Saved data entries
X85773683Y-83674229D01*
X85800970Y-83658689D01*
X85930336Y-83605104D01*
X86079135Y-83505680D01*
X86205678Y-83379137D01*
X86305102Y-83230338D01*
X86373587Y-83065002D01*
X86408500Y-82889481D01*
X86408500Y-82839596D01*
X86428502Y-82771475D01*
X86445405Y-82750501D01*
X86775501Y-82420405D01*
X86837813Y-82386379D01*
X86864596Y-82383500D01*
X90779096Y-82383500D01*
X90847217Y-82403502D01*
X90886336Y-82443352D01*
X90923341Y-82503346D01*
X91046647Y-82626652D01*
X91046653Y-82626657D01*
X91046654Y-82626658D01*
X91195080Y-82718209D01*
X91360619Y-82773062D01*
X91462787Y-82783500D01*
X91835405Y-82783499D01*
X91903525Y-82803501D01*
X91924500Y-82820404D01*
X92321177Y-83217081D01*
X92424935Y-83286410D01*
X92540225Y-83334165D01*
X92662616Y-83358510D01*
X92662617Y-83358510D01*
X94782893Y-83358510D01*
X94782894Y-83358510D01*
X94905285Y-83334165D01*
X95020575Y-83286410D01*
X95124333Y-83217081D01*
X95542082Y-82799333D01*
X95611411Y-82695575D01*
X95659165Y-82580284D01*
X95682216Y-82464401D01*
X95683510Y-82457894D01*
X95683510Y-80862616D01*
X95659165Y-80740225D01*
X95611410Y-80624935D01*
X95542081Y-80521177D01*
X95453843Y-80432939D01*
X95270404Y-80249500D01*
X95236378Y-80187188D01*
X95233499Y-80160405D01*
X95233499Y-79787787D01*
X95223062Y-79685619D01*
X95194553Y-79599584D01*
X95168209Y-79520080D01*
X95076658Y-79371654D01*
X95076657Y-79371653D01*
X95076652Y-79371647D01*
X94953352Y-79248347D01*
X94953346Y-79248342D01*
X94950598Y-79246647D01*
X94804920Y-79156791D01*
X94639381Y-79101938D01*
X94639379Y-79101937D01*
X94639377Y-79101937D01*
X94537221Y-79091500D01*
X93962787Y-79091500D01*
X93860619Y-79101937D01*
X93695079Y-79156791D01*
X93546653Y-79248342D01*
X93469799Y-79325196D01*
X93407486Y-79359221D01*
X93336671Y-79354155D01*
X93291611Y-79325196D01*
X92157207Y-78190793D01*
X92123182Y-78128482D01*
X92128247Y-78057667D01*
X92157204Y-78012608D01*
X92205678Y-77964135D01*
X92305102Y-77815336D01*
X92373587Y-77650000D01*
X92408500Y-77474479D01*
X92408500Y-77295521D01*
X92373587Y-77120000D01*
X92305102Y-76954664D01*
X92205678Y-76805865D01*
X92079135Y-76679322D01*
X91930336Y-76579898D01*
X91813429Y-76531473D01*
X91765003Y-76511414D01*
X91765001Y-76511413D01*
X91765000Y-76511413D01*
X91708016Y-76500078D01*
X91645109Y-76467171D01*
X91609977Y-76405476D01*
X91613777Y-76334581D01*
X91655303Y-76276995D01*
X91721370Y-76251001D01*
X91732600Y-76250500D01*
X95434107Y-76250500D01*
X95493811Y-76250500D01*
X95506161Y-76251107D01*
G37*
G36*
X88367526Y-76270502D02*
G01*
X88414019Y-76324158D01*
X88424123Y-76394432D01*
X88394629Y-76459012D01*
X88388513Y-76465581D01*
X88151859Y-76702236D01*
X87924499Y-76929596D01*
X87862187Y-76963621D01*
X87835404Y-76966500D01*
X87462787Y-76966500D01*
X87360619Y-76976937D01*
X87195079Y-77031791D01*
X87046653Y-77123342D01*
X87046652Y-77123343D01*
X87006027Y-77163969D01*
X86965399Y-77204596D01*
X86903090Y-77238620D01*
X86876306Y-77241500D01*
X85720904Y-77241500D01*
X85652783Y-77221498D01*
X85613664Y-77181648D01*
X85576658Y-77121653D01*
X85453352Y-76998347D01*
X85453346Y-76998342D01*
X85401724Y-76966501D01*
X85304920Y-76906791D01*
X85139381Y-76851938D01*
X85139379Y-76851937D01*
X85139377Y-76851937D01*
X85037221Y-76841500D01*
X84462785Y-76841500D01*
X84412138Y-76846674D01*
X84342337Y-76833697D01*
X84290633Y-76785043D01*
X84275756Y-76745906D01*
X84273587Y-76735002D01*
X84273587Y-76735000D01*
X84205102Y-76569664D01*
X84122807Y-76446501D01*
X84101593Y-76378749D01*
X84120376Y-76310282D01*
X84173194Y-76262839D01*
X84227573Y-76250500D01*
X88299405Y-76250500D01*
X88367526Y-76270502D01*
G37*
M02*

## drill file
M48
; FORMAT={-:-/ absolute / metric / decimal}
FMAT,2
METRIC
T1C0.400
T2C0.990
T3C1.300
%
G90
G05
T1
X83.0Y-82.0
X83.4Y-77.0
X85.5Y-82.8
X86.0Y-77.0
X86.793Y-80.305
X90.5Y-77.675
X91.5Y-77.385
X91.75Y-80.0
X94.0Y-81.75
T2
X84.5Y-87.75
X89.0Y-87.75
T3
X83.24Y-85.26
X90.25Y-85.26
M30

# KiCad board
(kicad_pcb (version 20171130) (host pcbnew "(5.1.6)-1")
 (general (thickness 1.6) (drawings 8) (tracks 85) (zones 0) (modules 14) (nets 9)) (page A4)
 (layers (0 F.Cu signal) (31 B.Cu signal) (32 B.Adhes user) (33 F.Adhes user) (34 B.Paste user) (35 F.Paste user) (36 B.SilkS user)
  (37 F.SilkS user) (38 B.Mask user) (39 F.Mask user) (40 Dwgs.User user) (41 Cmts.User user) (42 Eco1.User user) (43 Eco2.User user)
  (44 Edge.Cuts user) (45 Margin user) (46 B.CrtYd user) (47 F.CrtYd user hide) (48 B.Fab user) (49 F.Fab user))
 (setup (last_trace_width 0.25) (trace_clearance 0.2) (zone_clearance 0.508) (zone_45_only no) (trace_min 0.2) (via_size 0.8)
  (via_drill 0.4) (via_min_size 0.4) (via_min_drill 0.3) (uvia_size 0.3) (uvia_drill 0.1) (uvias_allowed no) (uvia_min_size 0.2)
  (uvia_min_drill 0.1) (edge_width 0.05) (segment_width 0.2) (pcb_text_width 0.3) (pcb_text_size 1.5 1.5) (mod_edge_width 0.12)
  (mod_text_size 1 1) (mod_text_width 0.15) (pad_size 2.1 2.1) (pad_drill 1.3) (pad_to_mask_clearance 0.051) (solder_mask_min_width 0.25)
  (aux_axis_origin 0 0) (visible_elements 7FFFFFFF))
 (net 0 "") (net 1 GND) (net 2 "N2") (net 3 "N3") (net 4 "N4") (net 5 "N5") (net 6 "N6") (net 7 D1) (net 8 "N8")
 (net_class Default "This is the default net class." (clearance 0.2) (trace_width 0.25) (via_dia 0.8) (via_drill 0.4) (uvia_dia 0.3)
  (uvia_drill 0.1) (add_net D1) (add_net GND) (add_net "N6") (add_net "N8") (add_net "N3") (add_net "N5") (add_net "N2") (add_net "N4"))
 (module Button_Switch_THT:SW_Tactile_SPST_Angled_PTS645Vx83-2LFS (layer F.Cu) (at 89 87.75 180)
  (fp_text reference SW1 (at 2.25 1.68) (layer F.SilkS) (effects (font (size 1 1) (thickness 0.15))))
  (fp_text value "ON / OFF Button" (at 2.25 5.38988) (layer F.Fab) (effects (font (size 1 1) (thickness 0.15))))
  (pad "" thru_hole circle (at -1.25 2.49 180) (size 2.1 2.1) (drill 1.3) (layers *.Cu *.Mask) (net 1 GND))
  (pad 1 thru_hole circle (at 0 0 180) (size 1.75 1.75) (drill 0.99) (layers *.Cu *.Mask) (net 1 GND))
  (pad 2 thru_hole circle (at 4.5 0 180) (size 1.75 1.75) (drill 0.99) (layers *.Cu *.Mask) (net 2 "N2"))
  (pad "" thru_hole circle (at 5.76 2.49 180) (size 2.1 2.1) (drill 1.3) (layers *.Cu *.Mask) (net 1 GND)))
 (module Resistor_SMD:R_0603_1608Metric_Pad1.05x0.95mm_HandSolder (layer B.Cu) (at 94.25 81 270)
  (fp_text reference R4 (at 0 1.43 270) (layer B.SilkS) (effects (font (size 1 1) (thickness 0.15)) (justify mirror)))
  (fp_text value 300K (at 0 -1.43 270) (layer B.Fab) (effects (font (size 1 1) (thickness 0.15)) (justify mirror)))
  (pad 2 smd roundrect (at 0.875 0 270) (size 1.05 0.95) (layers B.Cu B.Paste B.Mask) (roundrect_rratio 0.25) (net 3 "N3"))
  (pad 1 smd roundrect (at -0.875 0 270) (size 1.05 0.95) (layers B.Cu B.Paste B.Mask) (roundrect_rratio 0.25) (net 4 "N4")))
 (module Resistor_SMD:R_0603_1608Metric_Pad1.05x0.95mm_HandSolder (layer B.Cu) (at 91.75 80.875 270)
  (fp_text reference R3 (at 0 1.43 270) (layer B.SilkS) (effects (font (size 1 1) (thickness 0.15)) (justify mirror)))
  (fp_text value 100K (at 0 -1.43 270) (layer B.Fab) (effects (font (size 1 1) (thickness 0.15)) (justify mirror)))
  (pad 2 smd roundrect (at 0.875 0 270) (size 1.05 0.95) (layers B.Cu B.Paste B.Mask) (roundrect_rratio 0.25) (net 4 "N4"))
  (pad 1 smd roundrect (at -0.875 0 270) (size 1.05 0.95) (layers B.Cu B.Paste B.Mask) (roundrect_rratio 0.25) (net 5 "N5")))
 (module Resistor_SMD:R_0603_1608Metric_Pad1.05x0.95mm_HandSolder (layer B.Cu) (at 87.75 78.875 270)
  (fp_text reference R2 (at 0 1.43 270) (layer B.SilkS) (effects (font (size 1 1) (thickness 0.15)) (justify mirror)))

Task description
In the data above, find the line that contains "X86445405Y-82750501D01*", then reproduce exactly every line from the first line through that line.

Solution
X85773683Y-83674229D01*
X85800970Y-83658689D01*
X85930336Y-83605104D01*
X86079135Y-83505680D01*
X86205678Y-83379137D01*
X86305102Y-83230338D01*
X86373587Y-83065002D01*
X86408500Y-82889481D01*
X86408500Y-82839596D01*
X86428502Y-82771475D01*
X86445405Y-82750501D01*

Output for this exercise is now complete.